TASK INSTRUCTIONS. The lines to repeat are those below from the one containing "X77522638Y-40036761D01*" down to the one containing "X69215000Y-55212000D03*", both included; reproduce them exactly and nothing else.

(DATASET CONTENT begins)

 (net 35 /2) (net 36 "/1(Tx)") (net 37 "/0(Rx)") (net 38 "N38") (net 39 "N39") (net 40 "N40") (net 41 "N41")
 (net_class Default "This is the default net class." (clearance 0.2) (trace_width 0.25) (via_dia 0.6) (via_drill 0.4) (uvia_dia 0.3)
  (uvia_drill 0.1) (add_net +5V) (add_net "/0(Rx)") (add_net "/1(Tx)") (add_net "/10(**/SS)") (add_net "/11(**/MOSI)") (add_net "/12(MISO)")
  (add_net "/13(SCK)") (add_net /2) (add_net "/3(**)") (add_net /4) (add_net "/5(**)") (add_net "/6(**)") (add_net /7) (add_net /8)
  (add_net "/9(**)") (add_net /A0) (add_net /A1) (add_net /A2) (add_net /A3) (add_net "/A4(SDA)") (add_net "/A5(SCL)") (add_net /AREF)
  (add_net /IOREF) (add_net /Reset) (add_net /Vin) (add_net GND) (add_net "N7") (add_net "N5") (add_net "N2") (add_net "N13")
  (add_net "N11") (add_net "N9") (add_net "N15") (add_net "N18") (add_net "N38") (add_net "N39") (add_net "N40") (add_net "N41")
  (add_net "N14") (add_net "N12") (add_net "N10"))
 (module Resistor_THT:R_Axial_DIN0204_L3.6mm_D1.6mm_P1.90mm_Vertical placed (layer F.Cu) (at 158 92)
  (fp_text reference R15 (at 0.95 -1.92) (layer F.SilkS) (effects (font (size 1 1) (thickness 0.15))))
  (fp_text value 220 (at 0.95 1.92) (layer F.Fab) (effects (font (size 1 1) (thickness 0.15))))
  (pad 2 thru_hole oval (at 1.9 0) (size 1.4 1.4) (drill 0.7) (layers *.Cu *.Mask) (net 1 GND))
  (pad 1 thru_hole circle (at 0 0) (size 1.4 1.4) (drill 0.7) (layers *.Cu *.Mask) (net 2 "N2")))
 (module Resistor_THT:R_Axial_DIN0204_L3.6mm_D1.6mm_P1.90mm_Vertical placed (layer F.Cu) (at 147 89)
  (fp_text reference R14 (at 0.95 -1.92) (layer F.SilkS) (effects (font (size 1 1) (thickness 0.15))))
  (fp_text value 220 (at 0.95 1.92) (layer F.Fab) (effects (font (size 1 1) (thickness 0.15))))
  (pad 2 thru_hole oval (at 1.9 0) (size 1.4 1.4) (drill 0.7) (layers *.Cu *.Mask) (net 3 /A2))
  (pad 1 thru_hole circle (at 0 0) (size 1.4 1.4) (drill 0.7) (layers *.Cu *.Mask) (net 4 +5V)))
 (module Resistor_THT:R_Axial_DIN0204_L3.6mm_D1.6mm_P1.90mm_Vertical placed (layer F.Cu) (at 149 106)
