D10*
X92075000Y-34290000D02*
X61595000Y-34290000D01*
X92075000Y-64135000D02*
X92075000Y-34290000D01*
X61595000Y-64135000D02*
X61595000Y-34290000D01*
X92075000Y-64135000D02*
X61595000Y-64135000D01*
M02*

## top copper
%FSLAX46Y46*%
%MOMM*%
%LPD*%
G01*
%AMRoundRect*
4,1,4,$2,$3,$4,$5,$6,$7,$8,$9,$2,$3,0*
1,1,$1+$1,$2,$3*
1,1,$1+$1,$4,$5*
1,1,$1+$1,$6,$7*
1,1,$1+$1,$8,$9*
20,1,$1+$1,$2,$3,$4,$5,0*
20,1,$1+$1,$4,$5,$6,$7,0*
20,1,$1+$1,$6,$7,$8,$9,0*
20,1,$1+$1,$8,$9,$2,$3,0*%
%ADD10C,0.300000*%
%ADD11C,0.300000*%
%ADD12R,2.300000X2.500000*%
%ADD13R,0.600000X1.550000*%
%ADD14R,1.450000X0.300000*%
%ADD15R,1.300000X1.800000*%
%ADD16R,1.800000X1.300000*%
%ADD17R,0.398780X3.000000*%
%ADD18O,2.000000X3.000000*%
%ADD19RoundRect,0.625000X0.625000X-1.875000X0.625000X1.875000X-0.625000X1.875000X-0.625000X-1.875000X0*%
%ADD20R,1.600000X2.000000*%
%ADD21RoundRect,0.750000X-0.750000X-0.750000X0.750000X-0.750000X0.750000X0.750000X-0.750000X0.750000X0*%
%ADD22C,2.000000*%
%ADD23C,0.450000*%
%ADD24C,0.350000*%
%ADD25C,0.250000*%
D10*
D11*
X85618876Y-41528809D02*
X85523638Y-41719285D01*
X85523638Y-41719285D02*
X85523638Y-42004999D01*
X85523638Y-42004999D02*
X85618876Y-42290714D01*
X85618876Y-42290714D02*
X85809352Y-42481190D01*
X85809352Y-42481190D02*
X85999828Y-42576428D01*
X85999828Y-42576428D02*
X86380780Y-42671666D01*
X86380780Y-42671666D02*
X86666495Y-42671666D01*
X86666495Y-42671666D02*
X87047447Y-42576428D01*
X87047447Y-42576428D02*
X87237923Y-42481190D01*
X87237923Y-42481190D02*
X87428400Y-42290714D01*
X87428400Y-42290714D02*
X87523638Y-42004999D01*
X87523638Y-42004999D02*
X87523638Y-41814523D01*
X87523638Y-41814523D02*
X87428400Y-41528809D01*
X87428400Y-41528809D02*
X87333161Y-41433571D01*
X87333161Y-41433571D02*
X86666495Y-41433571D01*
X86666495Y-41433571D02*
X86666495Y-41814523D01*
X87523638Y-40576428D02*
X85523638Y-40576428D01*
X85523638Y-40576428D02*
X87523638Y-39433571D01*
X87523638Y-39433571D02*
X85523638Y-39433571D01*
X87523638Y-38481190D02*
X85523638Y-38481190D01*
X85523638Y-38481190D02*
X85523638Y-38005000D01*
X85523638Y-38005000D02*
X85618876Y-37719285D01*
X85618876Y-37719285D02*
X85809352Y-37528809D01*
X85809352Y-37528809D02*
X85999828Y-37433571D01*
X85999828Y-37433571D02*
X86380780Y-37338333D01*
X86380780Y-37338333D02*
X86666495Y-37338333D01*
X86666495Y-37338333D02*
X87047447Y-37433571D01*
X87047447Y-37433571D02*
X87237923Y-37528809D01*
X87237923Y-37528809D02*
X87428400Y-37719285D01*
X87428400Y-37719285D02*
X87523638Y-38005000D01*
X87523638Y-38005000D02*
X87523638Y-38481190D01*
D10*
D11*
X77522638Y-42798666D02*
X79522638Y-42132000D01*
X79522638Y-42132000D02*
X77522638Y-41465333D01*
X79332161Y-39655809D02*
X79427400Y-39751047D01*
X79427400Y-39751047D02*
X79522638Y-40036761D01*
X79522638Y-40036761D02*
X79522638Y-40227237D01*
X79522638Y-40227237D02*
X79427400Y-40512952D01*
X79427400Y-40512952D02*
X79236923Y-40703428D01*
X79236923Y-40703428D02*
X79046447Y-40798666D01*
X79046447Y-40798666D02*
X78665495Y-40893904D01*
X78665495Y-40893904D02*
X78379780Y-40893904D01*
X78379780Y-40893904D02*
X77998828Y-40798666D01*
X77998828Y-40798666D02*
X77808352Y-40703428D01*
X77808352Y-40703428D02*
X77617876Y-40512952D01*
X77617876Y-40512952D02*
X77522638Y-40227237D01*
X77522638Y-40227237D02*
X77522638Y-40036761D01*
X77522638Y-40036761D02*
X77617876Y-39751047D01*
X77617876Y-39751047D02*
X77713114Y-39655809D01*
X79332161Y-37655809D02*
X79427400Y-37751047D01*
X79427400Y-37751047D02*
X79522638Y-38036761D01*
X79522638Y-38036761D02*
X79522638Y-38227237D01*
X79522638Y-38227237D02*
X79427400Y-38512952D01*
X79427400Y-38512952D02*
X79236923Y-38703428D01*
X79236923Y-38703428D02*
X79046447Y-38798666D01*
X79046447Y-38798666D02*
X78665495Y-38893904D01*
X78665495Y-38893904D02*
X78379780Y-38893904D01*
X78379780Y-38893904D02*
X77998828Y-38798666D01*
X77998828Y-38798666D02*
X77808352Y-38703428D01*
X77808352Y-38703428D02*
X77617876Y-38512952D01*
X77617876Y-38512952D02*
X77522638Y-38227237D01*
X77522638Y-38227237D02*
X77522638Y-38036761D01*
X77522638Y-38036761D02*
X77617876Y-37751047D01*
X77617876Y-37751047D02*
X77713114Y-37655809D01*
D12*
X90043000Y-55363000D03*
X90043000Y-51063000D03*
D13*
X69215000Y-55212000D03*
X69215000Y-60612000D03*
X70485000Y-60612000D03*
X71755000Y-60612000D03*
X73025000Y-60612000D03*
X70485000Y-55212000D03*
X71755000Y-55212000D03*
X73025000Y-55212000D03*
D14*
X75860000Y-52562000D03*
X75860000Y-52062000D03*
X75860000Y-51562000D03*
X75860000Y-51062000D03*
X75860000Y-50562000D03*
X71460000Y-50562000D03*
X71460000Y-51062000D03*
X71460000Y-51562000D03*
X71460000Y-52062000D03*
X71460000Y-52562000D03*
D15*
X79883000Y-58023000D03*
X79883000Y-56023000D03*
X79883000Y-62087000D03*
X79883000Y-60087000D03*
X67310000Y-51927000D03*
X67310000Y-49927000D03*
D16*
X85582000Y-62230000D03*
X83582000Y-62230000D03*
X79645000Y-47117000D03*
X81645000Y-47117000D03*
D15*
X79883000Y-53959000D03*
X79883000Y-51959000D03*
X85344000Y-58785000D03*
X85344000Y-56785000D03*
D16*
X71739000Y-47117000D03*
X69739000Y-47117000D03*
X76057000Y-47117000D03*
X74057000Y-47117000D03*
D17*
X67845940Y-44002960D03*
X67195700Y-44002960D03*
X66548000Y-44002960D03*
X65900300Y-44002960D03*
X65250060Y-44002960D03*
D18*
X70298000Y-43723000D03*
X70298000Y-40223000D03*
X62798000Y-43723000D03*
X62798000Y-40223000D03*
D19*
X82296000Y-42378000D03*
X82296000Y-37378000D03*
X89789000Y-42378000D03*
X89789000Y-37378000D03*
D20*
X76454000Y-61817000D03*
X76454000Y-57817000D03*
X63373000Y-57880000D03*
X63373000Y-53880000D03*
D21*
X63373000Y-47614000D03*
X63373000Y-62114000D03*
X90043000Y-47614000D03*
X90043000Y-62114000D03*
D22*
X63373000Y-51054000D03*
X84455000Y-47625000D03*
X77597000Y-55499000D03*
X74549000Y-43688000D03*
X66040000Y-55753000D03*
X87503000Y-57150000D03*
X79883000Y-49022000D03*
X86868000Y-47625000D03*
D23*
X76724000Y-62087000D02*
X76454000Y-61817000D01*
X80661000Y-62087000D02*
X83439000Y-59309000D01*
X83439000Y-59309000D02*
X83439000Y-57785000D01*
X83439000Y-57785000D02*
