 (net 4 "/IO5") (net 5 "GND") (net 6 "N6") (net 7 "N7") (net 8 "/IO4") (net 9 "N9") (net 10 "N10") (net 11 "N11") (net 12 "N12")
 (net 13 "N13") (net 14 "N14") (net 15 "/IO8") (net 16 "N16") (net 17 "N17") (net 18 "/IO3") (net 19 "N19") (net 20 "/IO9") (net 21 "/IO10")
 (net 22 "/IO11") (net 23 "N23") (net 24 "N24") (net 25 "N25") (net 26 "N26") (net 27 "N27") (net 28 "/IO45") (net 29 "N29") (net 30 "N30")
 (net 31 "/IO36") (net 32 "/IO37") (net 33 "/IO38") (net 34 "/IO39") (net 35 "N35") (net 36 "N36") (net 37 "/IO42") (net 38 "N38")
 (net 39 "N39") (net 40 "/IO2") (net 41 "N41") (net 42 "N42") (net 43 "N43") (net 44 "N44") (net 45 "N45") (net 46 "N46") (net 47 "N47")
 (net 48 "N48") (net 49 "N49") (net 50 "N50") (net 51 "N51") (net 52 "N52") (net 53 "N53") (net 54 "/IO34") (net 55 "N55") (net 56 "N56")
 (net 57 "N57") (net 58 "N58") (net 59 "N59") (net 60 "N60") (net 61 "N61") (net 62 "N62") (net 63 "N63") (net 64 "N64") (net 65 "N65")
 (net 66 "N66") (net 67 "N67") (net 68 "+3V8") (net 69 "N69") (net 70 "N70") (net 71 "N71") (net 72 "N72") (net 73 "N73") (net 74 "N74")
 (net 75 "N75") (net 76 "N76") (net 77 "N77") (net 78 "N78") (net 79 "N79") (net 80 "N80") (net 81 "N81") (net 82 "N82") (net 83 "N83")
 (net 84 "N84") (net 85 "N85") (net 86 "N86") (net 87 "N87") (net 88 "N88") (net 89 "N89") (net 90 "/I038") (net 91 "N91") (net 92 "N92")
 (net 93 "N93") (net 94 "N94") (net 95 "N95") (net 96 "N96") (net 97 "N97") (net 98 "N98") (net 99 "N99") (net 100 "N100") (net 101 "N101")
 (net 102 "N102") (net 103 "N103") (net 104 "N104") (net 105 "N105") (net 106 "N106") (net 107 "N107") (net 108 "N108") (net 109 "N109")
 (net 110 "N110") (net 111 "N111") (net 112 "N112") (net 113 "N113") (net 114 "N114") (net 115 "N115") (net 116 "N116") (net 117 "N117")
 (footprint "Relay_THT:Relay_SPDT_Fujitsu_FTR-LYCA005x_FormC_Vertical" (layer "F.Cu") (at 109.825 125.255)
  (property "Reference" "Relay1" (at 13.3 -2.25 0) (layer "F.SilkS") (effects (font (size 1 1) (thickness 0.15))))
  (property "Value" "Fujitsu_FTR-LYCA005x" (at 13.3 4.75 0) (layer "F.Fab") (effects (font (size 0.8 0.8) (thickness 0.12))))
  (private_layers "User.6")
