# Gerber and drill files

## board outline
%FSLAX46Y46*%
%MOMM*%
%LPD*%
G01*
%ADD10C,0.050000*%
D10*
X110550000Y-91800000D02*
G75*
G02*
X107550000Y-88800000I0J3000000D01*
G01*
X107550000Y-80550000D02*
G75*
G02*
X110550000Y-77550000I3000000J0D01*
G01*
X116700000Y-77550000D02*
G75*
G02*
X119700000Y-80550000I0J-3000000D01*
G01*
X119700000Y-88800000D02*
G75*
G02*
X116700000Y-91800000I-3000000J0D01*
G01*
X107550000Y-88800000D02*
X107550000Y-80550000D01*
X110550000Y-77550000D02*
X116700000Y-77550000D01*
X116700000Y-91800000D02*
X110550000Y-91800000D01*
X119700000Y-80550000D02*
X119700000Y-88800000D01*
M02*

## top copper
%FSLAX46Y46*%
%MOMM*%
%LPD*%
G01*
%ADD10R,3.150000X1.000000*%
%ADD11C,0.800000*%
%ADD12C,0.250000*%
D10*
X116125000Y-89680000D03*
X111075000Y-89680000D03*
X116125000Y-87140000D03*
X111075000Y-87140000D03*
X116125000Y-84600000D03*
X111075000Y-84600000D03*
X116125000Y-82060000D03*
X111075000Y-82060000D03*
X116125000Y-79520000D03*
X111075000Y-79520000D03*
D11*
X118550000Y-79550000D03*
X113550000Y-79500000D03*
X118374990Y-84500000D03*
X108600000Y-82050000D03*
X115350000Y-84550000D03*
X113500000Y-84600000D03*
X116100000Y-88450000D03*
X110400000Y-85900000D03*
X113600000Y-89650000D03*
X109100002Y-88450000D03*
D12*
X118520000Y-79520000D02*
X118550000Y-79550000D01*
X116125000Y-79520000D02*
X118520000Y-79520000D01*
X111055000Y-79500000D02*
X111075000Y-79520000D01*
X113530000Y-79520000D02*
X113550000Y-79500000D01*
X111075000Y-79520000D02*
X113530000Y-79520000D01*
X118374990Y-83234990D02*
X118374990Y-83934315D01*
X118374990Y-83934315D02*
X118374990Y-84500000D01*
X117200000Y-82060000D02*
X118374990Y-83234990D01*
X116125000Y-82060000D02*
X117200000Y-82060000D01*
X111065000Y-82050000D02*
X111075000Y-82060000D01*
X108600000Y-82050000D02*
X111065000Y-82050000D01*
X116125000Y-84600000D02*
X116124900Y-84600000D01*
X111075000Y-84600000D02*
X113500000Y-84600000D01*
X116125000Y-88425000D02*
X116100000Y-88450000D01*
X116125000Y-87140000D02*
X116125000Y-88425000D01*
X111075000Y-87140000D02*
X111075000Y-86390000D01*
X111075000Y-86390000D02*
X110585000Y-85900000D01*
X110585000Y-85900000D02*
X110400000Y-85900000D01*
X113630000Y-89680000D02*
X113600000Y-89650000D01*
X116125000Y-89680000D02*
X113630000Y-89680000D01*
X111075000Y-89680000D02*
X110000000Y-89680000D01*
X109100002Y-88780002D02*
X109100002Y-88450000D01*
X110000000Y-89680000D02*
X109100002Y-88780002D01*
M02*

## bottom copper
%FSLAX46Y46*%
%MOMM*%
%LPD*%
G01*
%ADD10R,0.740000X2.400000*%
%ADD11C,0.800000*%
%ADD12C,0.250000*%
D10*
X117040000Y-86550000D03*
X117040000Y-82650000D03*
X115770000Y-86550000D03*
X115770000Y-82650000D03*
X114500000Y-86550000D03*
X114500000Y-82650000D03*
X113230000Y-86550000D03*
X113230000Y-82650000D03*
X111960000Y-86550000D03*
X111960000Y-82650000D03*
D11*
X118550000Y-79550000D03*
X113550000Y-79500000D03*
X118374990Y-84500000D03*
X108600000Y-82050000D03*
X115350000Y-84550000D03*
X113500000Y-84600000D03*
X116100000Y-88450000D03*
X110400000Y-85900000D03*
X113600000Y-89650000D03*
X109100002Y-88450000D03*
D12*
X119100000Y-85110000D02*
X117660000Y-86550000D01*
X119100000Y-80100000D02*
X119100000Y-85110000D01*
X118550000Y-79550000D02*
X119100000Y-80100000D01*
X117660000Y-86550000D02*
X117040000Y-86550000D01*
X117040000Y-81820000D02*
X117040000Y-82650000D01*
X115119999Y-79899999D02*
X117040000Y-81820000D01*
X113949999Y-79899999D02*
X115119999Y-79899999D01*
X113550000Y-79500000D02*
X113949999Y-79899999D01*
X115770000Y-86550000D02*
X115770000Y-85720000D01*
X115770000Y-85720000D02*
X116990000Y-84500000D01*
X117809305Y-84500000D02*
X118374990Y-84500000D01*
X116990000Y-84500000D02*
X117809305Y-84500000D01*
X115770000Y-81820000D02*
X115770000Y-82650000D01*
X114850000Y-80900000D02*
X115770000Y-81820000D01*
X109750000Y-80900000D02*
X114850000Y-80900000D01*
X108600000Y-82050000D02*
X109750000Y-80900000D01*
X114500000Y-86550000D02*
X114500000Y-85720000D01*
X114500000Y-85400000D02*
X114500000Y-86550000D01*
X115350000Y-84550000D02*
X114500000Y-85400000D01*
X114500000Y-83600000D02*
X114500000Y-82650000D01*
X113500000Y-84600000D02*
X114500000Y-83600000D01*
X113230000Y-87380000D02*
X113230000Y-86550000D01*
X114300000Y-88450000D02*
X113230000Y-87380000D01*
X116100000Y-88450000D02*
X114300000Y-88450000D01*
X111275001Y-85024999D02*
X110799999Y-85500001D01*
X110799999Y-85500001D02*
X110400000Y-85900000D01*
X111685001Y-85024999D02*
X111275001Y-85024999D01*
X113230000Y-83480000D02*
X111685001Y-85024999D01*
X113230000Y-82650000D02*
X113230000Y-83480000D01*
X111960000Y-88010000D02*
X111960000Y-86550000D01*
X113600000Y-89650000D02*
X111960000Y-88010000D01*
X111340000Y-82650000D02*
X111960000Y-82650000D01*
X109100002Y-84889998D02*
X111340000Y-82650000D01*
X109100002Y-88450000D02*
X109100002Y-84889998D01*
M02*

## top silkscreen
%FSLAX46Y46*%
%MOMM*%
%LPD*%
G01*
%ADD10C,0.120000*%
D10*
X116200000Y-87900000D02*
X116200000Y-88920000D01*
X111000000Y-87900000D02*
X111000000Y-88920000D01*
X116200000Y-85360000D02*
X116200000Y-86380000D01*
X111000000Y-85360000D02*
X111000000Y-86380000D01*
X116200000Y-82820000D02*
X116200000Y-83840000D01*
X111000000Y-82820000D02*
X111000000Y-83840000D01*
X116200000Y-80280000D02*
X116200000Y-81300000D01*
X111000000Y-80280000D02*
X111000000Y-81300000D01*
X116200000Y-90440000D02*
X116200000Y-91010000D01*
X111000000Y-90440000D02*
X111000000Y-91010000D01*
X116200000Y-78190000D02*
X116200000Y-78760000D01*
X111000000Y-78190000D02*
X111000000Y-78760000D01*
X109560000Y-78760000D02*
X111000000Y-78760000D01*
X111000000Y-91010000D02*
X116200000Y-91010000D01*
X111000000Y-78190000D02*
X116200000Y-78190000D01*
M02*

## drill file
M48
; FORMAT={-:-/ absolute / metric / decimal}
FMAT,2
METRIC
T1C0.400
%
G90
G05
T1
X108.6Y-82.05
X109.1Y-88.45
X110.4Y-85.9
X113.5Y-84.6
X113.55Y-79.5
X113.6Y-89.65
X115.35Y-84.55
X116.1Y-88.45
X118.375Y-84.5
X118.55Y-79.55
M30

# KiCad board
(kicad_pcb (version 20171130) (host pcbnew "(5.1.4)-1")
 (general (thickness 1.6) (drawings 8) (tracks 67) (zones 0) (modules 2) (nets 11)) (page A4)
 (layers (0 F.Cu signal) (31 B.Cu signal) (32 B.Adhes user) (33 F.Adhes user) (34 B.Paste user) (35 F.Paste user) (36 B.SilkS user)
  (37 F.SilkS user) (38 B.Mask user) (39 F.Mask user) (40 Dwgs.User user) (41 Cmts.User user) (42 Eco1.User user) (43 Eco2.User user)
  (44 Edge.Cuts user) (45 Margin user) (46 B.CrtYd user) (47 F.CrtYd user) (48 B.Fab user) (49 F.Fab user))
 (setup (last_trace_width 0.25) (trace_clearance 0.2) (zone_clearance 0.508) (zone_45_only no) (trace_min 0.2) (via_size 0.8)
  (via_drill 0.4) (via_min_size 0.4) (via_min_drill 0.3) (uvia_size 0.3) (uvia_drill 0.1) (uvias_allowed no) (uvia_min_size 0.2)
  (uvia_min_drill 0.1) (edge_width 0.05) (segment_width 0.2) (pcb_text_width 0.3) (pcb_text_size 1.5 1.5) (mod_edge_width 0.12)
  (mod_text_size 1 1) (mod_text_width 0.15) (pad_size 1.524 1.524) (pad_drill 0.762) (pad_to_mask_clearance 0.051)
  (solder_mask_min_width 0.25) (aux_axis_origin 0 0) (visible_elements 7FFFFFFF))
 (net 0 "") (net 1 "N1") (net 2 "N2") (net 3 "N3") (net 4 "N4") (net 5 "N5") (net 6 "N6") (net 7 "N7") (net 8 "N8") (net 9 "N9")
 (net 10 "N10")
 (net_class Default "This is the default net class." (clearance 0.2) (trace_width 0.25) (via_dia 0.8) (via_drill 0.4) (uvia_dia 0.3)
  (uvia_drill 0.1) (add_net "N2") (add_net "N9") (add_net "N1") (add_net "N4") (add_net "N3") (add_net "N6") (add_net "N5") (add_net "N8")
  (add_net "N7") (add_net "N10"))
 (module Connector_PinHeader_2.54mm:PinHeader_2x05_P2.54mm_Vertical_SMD (layer F.Cu) (at 113.6 84.6)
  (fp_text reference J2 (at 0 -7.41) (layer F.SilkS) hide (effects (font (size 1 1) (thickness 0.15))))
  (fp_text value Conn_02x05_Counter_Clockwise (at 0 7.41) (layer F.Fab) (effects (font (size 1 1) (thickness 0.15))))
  (fp_line (start 2.6 3.3) (end 2.6 4.32) (layer F.SilkS) (width 0.12))
  (fp_line (start -2.6 3.3) (end -2.6 4.32) (layer F.SilkS) (width 0.12))
  (fp_line (start 2.6 0.76) (end 2.6 1.78) (layer F.SilkS) (width 0.12))
  (fp_line (start -2.6 0.76) (end -2.6 1.78) (layer F.SilkS) (width 0.12))
  (fp_line (start 2.6 -1.78) (end 2.6 -0.76) (layer F.SilkS) (width 0.12))
  (fp_line (start -2.6 -1.78) (end -2.6 -0.76) (layer F.SilkS) (width 0.12))
  (fp_line (start 2.6 -4.32) (end 2.6 -3.3) (layer F.SilkS) (width 0.12))
  (fp_line (start -2.6 -4.32) (end -2.6 -3.3) (layer F.SilkS) (width 0.12))
  (fp_line (start 2.6 5.84) (end 2.6 6.41) (layer F.SilkS) (width 0.12))
  (fp_line (start -2.6 5.84) (end -2.6 6.41) (layer F.SilkS) (width 0.12))
  (fp_line (start 2.6 -6.41) (end 2.6 -5.84) (layer F.SilkS) (width 0.12))
  (fp_line (start -2.6 -6.41) (end -2.6 -5.84) (layer F.SilkS) (width 0.12))
  (fp_line (start -4.04 -5.84) (end -2.6 -5.84) (layer F.SilkS) (width 0.12))
  (fp_line (start -2.6 6.41) (end 2.6 6.41) (layer F.SilkS) (width 0.12))
  (fp_line (start -2.6 -6.41) (end 2.6 -6.41) (layer F.SilkS) (width 0.12))
  (pad 10 smd rect (at 2.525 5.08) (size 3.15 1) (layers F.Cu F.Paste F.Mask) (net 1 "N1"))
  (pad 9 smd rect (at -2.525 5.08) (size 3.15 1) (layers F.Cu F.Paste F.Mask) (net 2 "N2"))
  (pad 8 smd rect (at 2.525 2.54) (size 3.15 1) (layers F.Cu F.Paste F.Mask) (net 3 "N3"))
  (pad 7 smd rect (at -2.525 2.54) (size 3.15 1) (layers F.Cu F.Paste F.Mask) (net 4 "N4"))
  (pad 6 smd rect (at 2.525 0) (size 3.15 1) (layers F.Cu F.Paste F.Mask) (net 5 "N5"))
  (pad 5 smd rect (at -2.525 0) (size 3.15 1) (layers F.Cu F.Paste F.Mask) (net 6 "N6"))
  (pad 4 smd rect (at 2.525 -2.54) (size 3.15 1) (layers F.Cu F.Paste F.Mask) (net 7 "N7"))
  (pad 3 smd rect (at -2.525 -2.54) (size 3.15 1) (layers F.Cu F.Paste F.Mask) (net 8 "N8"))
  (pad 2 smd rect (at 2.525 -5.08) (size 3.15 1) (layers F.Cu F.Paste F.Mask) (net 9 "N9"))
  (pad 1 smd rect (at -2.525 -5.08) (size 3.15 1) (layers F.Cu F.Paste F.Mask) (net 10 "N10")))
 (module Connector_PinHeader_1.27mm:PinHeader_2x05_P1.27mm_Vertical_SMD (layer B.Cu) (at 114.5 84.6 270)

(DATASET CONTENT ends)

ANSWER TO THIS EXERCISE.
X77522638Y-40036761D01*
X77522638Y-40036761D02*
X77617876Y-39751047D01*
X77617876Y-39751047D02*
X77713114Y-39655809D01*
X79332161Y-37655809D02*
X79427400Y-37751047D01*
X79427400Y-37751047D02*
X79522638Y-38036761D01*
X79522638Y-38036761D02*
X79522638Y-38227237D01*
X79522638Y-38227237D02*
X79427400Y-38512952D01*
X79427400Y-38512952D02*
X79236923Y-38703428D01*
X79236923Y-38703428D02*
X79046447Y-38798666D01*
X79046447Y-38798666D02*
X78665495Y-38893904D01*
X78665495Y-38893904D02*
X78379780Y-38893904D01*
X78379780Y-38893904D02*
X77998828Y-38798666D01*
X77998828Y-38798666D02*
X77808352Y-38703428D01*
X77808352Y-38703428D02*
X77617876Y-38512952D01*
X77617876Y-38512952D02*
X77522638Y-38227237D01*
X77522638Y-38227237D02*
X77522638Y-38036761D01*
X77522638Y-38036761D02*
X77617876Y-37751047D01*
X77617876Y-37751047D02*
X77713114Y-37655809D01*
D12*
X90043000Y-55363000D03*
X90043000Y-51063000D03*
D13*
X69215000Y-55212000D03*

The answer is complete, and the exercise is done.